GABA, benzodiazepines and the brain

My husband sent this email in response to doing a bit of research regarding my general state of being lately.

Gianna,
I can’t give a particularly technical description, but it’s clear that many (and maybe most) of the symptoms you are experiencing – feelings relating to balance and general weirdness – are the result of changes taking place inside your cerebellum — see wikipedia entry here.

This deals with spacial relations, fine motor coordination and regulating fear and the most important neurotransmitter in this part of the brain is, of course, GABA. The most important type of cells in the cerebellum are Purkinje cells. There are about 20 million such cells. Each cell has up to 200,000 synapses and each synapse will have multiple GABA receptors. I would conservatively estimate that we’re talking about 40,000,000,000,000 GABA receptors. That’s 40 trillion!

The way benzos work (now I understand it a bit more clearly) is that they potentiate the effectiveness of GABA – they don’t substitute the GABA but mean that you need less of it. That means your body adjusts by producing less GABA because it doesn’t need as much.

Now that you don’t have benzos in your bloodstream your body needs to start producing more GABA and since this is an inhibitory neurotransmitter, it’s production is only going to be elevated when your environment is signalling that you don’t need to be in a state of arousal. The more stimulation you have, the more your body is getting the message: no more GABA required.

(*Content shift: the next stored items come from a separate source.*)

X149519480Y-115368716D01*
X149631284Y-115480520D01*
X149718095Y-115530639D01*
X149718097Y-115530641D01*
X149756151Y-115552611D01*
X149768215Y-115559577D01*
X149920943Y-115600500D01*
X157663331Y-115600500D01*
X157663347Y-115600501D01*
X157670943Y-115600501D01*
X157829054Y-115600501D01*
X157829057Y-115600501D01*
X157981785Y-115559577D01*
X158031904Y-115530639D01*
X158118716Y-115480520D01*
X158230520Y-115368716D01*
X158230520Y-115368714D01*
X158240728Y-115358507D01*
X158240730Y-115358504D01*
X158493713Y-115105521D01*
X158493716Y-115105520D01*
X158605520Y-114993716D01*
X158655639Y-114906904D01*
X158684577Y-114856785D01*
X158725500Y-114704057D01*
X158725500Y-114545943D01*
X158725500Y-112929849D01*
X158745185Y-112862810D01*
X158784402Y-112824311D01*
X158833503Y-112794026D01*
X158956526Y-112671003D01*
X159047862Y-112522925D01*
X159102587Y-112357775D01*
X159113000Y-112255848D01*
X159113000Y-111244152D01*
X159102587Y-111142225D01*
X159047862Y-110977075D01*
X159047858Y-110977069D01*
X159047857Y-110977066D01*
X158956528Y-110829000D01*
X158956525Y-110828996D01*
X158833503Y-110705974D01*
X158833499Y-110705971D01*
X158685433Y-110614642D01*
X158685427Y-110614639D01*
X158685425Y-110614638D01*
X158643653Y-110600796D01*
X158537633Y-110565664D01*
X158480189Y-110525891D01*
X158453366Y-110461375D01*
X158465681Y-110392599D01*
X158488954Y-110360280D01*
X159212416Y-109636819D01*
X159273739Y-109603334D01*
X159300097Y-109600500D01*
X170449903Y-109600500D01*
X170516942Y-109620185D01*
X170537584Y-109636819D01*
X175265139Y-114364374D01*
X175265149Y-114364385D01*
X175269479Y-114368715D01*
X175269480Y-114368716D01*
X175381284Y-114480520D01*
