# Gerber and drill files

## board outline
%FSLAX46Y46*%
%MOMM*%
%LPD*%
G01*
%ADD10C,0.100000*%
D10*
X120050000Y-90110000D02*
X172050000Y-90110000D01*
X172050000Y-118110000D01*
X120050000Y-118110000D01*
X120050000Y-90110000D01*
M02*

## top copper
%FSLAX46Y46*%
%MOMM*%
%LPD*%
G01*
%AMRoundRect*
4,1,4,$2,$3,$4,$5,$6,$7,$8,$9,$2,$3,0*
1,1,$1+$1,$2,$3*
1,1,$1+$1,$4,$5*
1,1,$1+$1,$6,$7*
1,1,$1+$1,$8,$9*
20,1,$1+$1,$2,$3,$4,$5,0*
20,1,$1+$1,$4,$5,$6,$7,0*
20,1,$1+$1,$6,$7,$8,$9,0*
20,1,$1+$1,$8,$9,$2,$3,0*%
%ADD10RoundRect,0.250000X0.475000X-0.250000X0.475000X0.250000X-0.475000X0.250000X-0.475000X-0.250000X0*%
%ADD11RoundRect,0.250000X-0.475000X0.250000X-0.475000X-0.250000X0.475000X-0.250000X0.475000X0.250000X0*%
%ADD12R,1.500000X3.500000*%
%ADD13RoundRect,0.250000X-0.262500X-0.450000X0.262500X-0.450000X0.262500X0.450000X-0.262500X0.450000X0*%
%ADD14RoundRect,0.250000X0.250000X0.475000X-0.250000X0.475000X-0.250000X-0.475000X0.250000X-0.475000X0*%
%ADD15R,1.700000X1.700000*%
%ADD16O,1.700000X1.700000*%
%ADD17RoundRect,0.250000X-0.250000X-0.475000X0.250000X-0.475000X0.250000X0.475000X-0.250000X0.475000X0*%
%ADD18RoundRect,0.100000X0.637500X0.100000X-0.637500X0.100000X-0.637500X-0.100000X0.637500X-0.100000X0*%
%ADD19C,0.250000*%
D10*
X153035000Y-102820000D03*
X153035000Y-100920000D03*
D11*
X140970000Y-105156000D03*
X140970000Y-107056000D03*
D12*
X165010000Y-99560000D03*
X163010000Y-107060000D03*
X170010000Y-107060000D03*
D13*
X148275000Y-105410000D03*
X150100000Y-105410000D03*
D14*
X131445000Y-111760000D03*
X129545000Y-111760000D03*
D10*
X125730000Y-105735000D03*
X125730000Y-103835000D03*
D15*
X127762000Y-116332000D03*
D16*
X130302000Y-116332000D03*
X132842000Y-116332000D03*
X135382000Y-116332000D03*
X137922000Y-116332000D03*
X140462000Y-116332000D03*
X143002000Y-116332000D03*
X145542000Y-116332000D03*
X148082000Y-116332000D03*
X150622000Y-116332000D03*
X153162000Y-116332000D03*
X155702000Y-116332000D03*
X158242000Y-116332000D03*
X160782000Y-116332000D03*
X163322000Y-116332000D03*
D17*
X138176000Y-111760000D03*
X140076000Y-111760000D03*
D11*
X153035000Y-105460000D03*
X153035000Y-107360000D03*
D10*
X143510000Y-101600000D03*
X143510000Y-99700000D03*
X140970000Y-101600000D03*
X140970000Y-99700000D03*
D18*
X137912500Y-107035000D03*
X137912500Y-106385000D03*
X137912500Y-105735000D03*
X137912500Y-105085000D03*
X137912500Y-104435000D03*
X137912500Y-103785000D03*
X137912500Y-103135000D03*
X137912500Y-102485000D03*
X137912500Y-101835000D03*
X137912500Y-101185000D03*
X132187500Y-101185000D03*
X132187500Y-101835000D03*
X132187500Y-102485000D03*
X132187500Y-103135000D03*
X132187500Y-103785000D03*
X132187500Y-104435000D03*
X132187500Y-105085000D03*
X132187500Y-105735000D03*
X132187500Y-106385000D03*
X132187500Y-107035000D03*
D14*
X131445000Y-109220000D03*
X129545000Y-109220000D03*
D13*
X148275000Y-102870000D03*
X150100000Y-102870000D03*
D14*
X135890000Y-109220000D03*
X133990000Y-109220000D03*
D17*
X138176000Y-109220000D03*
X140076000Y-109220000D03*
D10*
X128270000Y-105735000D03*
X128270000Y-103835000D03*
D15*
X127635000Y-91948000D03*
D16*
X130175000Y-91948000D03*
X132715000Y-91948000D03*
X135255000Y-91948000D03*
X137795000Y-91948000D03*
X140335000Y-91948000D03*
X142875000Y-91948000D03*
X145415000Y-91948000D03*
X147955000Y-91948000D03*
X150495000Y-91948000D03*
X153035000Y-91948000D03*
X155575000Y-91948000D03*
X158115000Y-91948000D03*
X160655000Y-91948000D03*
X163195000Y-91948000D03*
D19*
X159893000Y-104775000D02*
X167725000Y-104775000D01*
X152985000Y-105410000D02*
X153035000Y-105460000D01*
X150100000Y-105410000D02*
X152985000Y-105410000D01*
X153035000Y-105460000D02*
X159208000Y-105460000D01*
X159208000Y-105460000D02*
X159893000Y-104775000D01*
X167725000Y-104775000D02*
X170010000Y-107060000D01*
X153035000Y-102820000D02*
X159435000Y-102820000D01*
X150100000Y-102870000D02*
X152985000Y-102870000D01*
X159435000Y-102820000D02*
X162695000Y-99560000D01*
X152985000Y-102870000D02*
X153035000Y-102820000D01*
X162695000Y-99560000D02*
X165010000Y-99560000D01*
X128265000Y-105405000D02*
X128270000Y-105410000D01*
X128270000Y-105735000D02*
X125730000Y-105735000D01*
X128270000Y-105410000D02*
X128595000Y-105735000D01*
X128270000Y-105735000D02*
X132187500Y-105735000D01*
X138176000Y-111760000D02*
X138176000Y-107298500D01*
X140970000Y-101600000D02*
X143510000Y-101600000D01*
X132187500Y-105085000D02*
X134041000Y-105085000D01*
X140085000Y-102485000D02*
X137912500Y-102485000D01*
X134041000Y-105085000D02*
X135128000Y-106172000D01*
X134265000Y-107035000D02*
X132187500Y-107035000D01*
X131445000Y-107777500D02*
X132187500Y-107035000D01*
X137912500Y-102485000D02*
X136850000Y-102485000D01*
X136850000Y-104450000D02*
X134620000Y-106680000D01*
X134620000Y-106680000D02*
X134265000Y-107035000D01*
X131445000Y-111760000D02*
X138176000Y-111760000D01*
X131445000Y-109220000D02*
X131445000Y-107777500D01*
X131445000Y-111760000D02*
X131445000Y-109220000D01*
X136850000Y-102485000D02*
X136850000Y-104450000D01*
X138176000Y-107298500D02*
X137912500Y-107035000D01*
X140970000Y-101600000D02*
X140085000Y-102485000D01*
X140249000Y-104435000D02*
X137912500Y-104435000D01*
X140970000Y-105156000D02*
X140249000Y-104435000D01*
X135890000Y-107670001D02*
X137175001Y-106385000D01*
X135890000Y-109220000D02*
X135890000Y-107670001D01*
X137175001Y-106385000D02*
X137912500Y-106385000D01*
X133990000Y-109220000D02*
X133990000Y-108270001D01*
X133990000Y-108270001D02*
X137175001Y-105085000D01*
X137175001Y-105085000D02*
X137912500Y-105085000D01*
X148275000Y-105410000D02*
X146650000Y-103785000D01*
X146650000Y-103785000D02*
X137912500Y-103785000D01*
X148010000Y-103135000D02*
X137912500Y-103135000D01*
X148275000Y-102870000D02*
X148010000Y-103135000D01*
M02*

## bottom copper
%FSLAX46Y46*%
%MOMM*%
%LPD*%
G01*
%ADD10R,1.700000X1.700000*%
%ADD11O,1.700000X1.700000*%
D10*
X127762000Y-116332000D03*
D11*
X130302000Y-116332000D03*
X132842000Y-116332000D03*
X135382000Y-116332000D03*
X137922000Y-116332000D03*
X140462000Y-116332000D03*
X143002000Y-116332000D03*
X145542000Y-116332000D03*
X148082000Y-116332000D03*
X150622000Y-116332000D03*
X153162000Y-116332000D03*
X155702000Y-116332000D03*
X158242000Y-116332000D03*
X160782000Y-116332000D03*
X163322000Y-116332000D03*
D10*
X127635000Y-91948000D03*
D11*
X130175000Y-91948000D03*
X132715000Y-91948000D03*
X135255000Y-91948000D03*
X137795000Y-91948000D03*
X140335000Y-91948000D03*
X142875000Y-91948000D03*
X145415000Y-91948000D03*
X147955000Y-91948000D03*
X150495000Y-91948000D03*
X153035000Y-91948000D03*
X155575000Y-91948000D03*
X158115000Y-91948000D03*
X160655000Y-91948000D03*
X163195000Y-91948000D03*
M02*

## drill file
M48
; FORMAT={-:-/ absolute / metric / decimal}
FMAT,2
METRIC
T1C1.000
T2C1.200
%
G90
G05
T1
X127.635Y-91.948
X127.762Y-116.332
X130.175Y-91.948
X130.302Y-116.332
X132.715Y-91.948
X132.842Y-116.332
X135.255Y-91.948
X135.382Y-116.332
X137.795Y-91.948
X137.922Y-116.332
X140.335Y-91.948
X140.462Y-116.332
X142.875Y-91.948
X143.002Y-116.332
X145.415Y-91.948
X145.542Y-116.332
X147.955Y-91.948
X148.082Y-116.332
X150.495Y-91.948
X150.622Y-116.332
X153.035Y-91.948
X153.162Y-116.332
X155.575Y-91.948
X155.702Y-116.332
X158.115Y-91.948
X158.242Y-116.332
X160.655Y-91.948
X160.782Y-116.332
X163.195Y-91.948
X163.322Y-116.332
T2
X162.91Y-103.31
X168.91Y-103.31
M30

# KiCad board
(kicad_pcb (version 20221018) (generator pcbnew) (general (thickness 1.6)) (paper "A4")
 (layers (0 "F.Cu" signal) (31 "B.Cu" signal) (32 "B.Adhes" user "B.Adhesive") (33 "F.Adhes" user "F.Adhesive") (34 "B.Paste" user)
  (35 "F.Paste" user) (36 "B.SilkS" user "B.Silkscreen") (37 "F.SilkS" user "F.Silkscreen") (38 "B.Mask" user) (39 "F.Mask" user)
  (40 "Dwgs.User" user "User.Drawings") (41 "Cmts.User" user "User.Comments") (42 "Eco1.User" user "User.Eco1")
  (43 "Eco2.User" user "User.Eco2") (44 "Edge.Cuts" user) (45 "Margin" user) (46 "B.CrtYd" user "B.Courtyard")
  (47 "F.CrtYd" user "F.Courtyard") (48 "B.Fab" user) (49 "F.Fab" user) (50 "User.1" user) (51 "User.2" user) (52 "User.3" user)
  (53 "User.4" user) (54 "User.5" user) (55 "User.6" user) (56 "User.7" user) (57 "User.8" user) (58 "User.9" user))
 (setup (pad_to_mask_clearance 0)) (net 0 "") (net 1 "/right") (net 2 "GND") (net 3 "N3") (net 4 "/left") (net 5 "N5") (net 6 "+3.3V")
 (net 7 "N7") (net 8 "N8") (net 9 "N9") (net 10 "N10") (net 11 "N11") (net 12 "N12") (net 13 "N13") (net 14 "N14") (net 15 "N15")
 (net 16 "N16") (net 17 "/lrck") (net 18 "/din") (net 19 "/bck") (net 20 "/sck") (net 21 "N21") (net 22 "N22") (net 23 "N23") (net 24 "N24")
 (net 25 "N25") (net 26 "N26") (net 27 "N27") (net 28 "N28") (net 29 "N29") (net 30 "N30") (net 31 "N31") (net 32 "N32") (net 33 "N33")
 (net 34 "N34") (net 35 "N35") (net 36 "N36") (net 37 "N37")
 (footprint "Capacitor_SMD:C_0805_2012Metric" (layer "F.Cu") (at 153.035 101.87 90)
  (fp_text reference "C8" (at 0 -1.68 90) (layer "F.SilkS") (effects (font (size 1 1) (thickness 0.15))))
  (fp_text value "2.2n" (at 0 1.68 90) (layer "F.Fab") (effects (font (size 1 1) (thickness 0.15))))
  (pad "1" smd roundrect (at -0.95 0 90) (size 1 1.45) (layers "F.Cu" "F.Paste" "F.Mask") (roundrect_rratio 0.25) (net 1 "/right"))
  (pad "2" smd roundrect (at 0.95 0 90) (size 1 1.45) (layers "F.Cu" "F.Paste" "F.Mask") (roundrect_rratio 0.25) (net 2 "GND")))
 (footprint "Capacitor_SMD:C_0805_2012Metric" (layer "F.Cu") (at 140.97 106.106 -90)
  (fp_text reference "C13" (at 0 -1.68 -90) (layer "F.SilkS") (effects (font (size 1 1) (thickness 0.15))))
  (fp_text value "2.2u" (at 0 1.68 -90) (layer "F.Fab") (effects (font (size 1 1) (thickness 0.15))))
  (pad "1" smd roundrect (at -0.95 0 270) (size 1 1.45) (layers "F.Cu" "F.Paste" "F.Mask") (roundrect_rratio 0.25) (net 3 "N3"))
  (pad "2" smd roundrect (at 0.95 0 270) (size 1 1.45) (layers "F.Cu" "F.Paste" "F.Mask") (roundrect_rratio 0.25) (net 2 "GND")))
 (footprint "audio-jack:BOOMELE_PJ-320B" (layer "F.Cu") (at 165.91 103.31)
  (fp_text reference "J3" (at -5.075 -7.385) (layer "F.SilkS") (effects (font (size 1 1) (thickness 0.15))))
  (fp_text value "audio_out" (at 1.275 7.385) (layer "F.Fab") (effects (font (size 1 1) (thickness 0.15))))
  (pad "" np_thru_hole circle (at -3 0) (size 1.2 1.2) (drill 1.2) (layers "*.Cu" "*.Mask"))
  (pad "" np_thru_hole circle (at 3 0) (size 1.2 1.2) (drill 1.2) (layers "*.Cu" "*.Mask"))
  (pad "R" smd rect (at -0.9 -3.75) (size 1.5 3.5) (layers "F.Cu" "F.Paste" "F.Mask") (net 1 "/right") (solder_mask_margin 0.102))
  (pad "S" smd rect (at -2.9 3.75) (size 1.5 3.5) (layers "F.Cu" "F.Paste" "F.Mask") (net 2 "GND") (solder_mask_margin 0.102))
  (pad "T" smd rect (at 4.1 3.75) (size 1.5 3.5) (layers "F.Cu" "F.Paste" "F.Mask") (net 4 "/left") (solder_mask_margin 0.102)))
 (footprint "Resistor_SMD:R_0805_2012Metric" (layer "F.Cu") (at 149.1875 105.41)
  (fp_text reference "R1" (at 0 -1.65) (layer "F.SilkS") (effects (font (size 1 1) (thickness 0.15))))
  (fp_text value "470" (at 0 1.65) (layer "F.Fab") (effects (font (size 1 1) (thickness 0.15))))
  (pad "1" smd roundrect (at -0.9125 0) (size 1.025 1.4) (layers "F.Cu" "F.Paste" "F.Mask") (roundrect_rratio 0.243902) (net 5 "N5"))
  (pad "2" smd roundrect (at 0.9125 0) (size 1.025 1.4) (layers "F.Cu" "F.Paste" "F.Mask") (roundrect_rratio 0.243902) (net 4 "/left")))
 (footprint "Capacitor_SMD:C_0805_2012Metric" (layer "F.Cu") (at 130.495 111.76 180)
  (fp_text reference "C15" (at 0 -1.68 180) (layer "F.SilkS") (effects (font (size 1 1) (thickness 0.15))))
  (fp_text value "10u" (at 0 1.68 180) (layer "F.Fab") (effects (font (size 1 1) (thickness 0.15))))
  (pad "1" smd roundrect (at -0.95 0 180) (size 1 1.45) (layers "F.Cu" "F.Paste" "F.Mask") (roundrect_rratio 0.25) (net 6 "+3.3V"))
  (pad "2" smd roundrect (at 0.95 0 180) (size 1 1.45) (layers "F.Cu" "F.Paste" "F.Mask") (roundrect_rratio 0.25) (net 2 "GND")))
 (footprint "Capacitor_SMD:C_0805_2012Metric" (layer "F.Cu") (at 125.73 104.785 90)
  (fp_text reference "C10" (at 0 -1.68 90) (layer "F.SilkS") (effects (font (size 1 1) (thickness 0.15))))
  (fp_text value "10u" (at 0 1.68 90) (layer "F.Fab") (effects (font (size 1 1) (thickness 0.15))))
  (pad "1" smd roundrect (at -0.95 0 90) (size 1 1.45) (layers "F.Cu" "F.Paste" "F.Mask") (roundrect_rratio 0.25) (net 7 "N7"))
  (pad "2" smd roundrect (at 0.95 0 90) (size 1 1.45) (layers "F.Cu" "F.Paste" "F.Mask") (roundrect_rratio 0.25) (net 2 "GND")))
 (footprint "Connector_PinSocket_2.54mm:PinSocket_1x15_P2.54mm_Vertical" (layer "F.Cu") (at 127.762 116.332 90)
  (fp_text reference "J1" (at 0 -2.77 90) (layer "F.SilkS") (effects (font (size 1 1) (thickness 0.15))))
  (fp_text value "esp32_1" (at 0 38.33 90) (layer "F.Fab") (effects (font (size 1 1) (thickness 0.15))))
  (pad "1" thru_hole rect (at 0 0 90) (size 1.7 1.7) (drill 1) (layers "*.Cu" "*.Mask") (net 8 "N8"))
  (pad "2" thru_hole oval (at 0 2.54 90) (size 1.7 1.7) (drill 1) (layers "*.Cu" "*.Mask") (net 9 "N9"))
  (pad "3" thru_hole oval (at 0 5.08 90) (size 1.7 1.7) (drill 1) (layers "*.Cu" "*.Mask") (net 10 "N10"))
  (pad "4" thru_hole oval (at 0 7.62 90) (size 1.7 1.7) (drill 1) (layers "*.Cu" "*.Mask") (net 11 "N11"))
  (pad "5" thru_hole oval (at 0 10.16 90) (size 1.7 1.7) (drill 1) (layers "*.Cu" "*.Mask") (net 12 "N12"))
  (pad "6" thru_hole oval (at 0 12.7 90) (size 1.7 1.7) (drill 1) (layers "*.Cu" "*.Mask") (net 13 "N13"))
  (pad "7" thru_hole oval (at 0 15.24 90) (size 1.7 1.7) (drill 1) (layers "*.Cu" "*.Mask") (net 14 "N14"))
  (pad "8" thru_hole oval (at 0 17.78 90) (size 1.7 1.7) (drill 1) (layers "*.Cu" "*.Mask") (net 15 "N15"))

J (my kitty) helps boost your GABA production.

Yes, my animals are the most soothing thing in my existence these days.

After writing this post I found a quotation by Heather Ashton, the woman who has done all the research on benzo withdrawal in the UK. Her manual is the most comprehensive tool we have for information on what is going on with those of us who have nasty withdrawals.

This is an excerpt that is similar to what my husband writes above:

Some brain GABA receptors (which are large proteins) have a number of specific subunits which combine with benzodiazepines. When benzos combine with these subunits (of which there are several different types), GABA activity in the brain is enhanced, resulting in the typical benzo effects (sedative/hypnotic, anxiolytic, muscle relaxant, amnesic, and anti convulsant – each involving different receptor subtypes). Meanwhile, with chronic use of benzos and adaptive (homeostatic) response occurs in which many of the benzo subunits ‘down-regulate’. These subunits actually become engulfed within the neurons so that GABA activity is no longer enchanced, the benzo effects wear off, and the subject becomes tolerant.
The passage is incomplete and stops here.